Os indicadores de actividade mais recentes têm sido consistentes com um cenário de soft landing na economia global, i.e. de uma desaceleração, mas sem recessão. Para este quadro contribui a persistência de taxas de desemprego baixas, a expectativa de descida da inflação, a existência de poupanças excedentárias em suporte do consumo das famílias e uma evolução favorável dos resultados das empresas e dos bancos, que apresentam balanços relativamente fortes. Nos EUA, tem ganho peso a ideia de que, mais do que um soft landing, a economia poderá até não “aterrar” de todo. Os números mais recentes mostram uma criação de emprego relativamente robusta e uma taxa de desemprego baixa. As vendas a retalho aceleraram em termos homólogos, sugerindo um consumo privado forte. E a inflação homóloga subiu nos últimos dois meses, para registos acima do esperado e acima das metas (3.5% em Março). Neste contexto, o mercado tem vindo a adiar e atenuar as expectativas de redução dos juros de referência pelo Fed, começando mesmo a desconfiar se existirá alguma redução em 2024 (em meados de Abril, o mercado antecipava a 100% apenas um corte este ano).

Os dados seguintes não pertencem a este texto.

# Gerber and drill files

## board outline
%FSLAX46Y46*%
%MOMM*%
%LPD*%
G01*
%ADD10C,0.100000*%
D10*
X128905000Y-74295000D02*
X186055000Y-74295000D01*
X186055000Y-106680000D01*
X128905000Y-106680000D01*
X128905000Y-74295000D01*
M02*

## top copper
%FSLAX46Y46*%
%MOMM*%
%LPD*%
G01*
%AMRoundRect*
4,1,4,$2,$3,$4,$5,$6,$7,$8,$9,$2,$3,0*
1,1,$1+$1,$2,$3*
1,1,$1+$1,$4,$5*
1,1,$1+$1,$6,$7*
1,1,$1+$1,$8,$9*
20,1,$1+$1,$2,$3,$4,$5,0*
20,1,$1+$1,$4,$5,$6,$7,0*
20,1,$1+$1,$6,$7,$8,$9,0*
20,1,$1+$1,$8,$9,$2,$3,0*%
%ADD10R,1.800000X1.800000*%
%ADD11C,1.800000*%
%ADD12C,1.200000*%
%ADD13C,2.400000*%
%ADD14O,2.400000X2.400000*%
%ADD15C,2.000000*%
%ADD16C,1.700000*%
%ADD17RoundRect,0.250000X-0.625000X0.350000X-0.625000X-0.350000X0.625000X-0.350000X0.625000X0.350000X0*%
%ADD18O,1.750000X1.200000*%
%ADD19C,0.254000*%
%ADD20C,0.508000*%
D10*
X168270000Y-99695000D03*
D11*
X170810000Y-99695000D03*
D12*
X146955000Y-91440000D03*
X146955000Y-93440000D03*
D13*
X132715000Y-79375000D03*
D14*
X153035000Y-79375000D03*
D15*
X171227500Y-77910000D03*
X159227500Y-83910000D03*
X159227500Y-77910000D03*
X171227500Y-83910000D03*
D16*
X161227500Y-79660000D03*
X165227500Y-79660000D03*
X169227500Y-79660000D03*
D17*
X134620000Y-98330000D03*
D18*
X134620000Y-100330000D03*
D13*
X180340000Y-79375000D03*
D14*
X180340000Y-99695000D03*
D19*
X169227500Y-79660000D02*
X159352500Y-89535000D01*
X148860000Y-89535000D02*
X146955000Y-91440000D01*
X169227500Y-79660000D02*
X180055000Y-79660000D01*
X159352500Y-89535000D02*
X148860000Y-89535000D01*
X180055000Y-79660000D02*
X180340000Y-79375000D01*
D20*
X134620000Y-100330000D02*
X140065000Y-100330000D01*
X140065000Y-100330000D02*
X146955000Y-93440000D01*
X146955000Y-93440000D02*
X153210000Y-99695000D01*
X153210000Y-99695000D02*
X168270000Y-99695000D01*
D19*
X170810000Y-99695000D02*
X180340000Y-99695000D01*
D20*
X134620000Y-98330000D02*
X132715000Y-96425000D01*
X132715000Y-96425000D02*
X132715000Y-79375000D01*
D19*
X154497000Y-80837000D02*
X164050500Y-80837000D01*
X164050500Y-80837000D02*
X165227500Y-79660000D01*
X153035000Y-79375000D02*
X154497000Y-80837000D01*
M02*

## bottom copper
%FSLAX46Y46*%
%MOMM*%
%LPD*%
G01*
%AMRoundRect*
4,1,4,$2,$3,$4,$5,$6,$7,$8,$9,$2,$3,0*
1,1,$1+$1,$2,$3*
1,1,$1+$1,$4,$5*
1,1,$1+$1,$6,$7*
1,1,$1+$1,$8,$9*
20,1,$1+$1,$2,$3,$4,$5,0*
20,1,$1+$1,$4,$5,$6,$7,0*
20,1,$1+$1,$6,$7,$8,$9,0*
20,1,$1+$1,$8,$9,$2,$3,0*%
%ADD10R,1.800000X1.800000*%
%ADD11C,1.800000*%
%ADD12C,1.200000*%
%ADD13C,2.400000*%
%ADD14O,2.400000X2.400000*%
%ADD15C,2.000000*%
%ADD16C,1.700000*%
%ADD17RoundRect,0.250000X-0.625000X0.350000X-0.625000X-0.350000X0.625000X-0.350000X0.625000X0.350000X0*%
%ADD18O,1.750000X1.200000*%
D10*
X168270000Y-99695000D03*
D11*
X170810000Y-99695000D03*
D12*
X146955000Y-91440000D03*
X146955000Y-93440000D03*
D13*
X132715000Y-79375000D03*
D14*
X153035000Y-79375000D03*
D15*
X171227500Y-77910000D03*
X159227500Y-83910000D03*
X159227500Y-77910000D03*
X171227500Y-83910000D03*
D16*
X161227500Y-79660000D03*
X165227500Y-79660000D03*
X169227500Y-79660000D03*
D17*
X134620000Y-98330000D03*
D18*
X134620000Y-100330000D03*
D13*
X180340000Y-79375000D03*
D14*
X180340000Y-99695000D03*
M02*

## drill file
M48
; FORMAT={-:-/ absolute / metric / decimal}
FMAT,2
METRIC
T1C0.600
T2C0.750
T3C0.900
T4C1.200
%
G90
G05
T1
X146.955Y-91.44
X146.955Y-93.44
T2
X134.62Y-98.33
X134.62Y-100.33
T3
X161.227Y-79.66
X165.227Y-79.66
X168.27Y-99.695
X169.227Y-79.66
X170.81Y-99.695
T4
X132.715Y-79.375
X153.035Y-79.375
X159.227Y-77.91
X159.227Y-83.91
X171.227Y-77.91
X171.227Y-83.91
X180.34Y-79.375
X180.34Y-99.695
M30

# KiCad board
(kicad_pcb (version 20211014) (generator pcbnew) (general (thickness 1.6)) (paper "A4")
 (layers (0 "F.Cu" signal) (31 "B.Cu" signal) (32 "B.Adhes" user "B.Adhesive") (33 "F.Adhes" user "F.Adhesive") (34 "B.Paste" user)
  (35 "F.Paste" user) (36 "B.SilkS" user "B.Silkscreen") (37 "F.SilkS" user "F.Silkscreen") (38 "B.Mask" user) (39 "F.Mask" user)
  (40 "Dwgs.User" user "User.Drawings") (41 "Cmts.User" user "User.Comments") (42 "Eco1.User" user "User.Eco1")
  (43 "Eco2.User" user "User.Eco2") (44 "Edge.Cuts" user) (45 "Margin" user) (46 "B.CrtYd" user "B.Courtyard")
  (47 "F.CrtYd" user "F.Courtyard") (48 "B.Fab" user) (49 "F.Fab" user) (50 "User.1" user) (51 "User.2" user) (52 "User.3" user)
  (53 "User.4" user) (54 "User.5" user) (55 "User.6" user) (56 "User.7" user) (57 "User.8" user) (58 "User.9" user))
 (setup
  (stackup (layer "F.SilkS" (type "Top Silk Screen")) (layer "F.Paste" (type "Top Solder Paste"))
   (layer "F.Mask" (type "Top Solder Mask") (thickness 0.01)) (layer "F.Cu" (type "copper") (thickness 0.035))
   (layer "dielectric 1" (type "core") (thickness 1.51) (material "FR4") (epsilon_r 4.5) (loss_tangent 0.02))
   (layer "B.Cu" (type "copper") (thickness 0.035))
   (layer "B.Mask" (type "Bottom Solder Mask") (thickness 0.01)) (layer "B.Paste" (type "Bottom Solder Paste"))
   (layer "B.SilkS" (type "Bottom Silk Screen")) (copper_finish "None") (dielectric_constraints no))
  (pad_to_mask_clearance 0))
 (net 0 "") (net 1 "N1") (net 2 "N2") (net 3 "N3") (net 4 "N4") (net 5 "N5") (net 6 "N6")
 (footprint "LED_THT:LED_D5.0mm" (layer "F.Cu") (at 168.27 99.695)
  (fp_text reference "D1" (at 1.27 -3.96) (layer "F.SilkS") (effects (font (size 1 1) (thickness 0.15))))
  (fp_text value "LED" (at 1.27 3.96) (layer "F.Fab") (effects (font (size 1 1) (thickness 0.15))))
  (pad "1" thru_hole rect (at 0 0) (size 1.8 1.8) (drill 0.9) (layers *.Cu *.Mask) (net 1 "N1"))
  (pad "2" thru_hole circle (at 2.54 0) (size 1.8 1.8) (drill 0.9) (layers *.Cu *.Mask) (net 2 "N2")))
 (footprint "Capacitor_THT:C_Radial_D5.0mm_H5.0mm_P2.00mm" (layer "F.Cu") (at 146.955 91.44 -90)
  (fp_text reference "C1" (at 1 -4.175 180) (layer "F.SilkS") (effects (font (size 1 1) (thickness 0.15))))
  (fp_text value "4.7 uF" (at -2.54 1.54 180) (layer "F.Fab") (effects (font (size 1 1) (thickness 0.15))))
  (pad "1" thru_hole circle (at 0 0 270) (size 1.2 1.2) (drill 0.6) (layers *.Cu *.Mask) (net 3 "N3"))
  (pad "2" thru_hole circle (at 2 0 270) (size 1.2 1.2) (drill 0.6) (layers *.Cu *.Mask) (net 1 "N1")))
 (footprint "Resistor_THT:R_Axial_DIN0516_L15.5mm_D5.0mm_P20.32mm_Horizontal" (layer "F.Cu") (at 132.715 79.375)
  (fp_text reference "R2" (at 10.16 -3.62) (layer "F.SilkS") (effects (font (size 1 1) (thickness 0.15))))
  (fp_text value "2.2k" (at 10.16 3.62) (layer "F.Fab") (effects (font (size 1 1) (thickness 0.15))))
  (pad "1" thru_hole circle (at 0 0) (size 2.4 2.4) (drill 1.2) (layers *.Cu *.Mask) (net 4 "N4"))
  (pad "2" thru_hole oval (at 20.32 0) (size 2.4 2.4) (drill 1.2) (layers *.Cu *.Mask) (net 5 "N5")))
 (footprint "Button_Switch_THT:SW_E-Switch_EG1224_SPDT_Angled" (layer "F.Cu") (at 161.2275 79.66)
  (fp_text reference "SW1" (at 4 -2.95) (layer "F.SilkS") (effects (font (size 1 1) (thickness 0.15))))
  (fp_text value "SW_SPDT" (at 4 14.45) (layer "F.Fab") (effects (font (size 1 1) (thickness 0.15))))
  (pad "" thru_hole circle (at 10 -1.75) (size 2 2) (drill 1.2) (layers *.Cu *.Mask))
  (pad "" thru_hole circle (at -2 4.25) (size 2 2) (drill 1.2) (layers *.Cu *.Mask))
  (pad "" thru_hole circle (at -2 -1.75) (size 2 2) (drill 1.2) (layers *.Cu *.Mask))
  (pad "" thru_hole circle (at 10 4.25) (size 2 2) (drill 1.2) (layers *.Cu *.Mask))
  (pad "1" thru_hole circle (at 0 0) (size 1.7 1.7) (drill 0.9) (layers *.Cu *.Mask) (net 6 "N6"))
  (pad "2" thru_hole circle (at 4 0) (size 1.7 1.7) (drill 0.9) (layers *.Cu *.Mask) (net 5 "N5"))
  (pad "3" thru_hole circle (at 8 0) (size 1.7 1.7) (drill 0.9) (layers *.Cu *.Mask) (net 3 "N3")))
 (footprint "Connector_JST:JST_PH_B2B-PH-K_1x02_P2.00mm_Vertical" (layer "F.Cu") (at 134.62 98.33 -90)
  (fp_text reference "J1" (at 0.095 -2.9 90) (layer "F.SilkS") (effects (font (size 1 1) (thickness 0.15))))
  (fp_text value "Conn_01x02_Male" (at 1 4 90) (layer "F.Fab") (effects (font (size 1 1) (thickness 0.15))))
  (pad "1" thru_hole roundrect (at 0 0 270) (size 1.2 1.75) (drill 0.75) (layers *.Cu *.Mask) (roundrect_rratio 0.2083333333) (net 4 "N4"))
  (pad "2" thru_hole oval (at 2 0 270) (size 1.2 1.75) (drill 0.75) (layers *.Cu *.Mask) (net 1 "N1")))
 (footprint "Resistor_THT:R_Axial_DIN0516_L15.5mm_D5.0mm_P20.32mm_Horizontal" (layer "F.Cu") (at 180.34 79.375 -90)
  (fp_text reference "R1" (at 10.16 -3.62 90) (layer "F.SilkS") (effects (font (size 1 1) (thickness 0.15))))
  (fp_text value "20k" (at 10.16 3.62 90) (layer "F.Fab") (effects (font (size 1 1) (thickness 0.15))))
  (pad "1" thru_hole circle (at 0 0 270) (size 2.4 2.4) (drill 1.2) (layers *.Cu *.Mask) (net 3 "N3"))
  (pad "2" thru_hole oval (at 20.32 0 270) (size 2.4 2.4) (drill 1.2) (layers *.Cu *.Mask) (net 2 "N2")))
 (gr_rect (start 128.905 106.68) (end 186.055 74.295) (layer "Edge.Cuts") (width 0.1) (fill none))
 (segment (start 169.2275 79.66) (end 159.3525 89.535) (width 0.254) (layer "F.Cu") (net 3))
 (segment (start 148.86 89.535) (end 146.955 91.44) (width 0.254) (layer "F.Cu") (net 3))
 (segment (start 169.2275 79.66) (end 180.055 79.66) (width 0.254) (layer "F.Cu") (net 3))
 (segment (start 159.3525 89.535) (end 148.86 89.535) (width 0.254) (layer "F.Cu") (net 3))
 (segment (start 180.055 79.66) (end 180.34 79.375) (width 0.254) (layer "F.Cu") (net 3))
 (segment (start 134.62 100.33) (end 140.065 100.33) (width 0.508) (layer "F.Cu") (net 1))
 (segment (start 140.065 100.33) (end 146.955 93.44) (width 0.508) (layer "F.Cu") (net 1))
 (segment (start 146.955 93.44) (end 153.21 99.695) (width 0.508) (layer "F.Cu") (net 1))
 (segment (start 153.21 99.695) (end 168.27 99.695) (width 0.508) (layer "F.Cu") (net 1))
 (segment (start 170.81 99.695) (end 180.34 99.695) (width 0.254) (layer "F.Cu") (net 2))
 (segment (start 134.62 98.33) (end 132.715 96.425) (width 0.508) (layer "F.Cu") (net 4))
 (segment (start 132.715 96.425) (end 132.715 79.375) (width 0.508) (layer "F.Cu") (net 4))
 (segment (start 154.497 80.837) (end 164.0505 80.837) (width 0.254) (layer "F.Cu") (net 5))
 (segment (start 164.0505 80.837) (end 165.2275 79.66) (width 0.254) (layer "F.Cu") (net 5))
 (segment (start 153.035 79.375) (end 154.497 80.837) (width 0.254) (layer "F.Cu") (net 5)))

Por seu lado, o BCE sinalizou, na mais recente reunião do Conselho de Governadores, um provável corte dos juros de referência em Junho. Esta sinalização assenta na leitura de que a inflação da Zona Euro continua a recuar, sobretudo nas componentes da alimentação e dos bens (em Março, a inflação homóloga recuou para 2.4%). O BCE vê também a maioria dos indicadores de inflação subjacente a cair, dada a moderação do crescimento dos salários e o facto de as empresas estarem, agora, a absorver parte do aumento dos custos unitários do trabalho. Por fim, a autoridade monetária considera que as subidas anteriores dos juros estão a pressionar em baixa a procura (e.g. crédito às empresas e às famílias com crescimentos próximos de zero). Apenas a inflação nos serviços é vista como ainda elevada. Neste contexto, o BCE afirmou que “se a nossa avaliação do outlook para a inflação, a dinâmica da inflação subjacente e a força dos mecanismos de transmissão reforçarem a convicção de que a inflação está convergir para a meta de forma sustentada, tornar-se-ia apropriado aliviar a actual restritividade da política monetária”. O mercado vê o BCE a cortar os juros por três vezes este ano.
A expectativa de alívio da restritividade monetária pelo BCE levanta, contudo, alguns potenciais problemas. Esta divergência de expectativas entre o Fed e o BCE favorece a depreciação do euro (a divisa europeia perdeu já quase 4% face ao dólar desde o início de 2024). E esta depreciação tende a alimentar pressões inflacionistas na Zona Euro, sobretudo no contexto de subida do preço do petróleo (dados os actuais riscos geopolíticos). Uma divisa mais fraca torna as importações mais caras e alimenta a inflação. E a inflação gerada por via da depreciação cambial tende, historicamente, a ser mais persistente do que a gerada, por exemplo, por choques da oferta. Isto poderia vir a criar um problema para o BCE. A Presidente Lagarde defendeu já que o BCE não é Fed dependent, devendo ter em conta a inflação e a conjuntura da Zona Euro, que são diferentes das observadas nos EUA. Mas ela referiu também que, nas suas decisões, o BCE tem em conta a conjuntura global. Será difícil ver uma divergência significativa e prolongada das políticas monetárias do BCE e do Fed. Algo terá que ceder.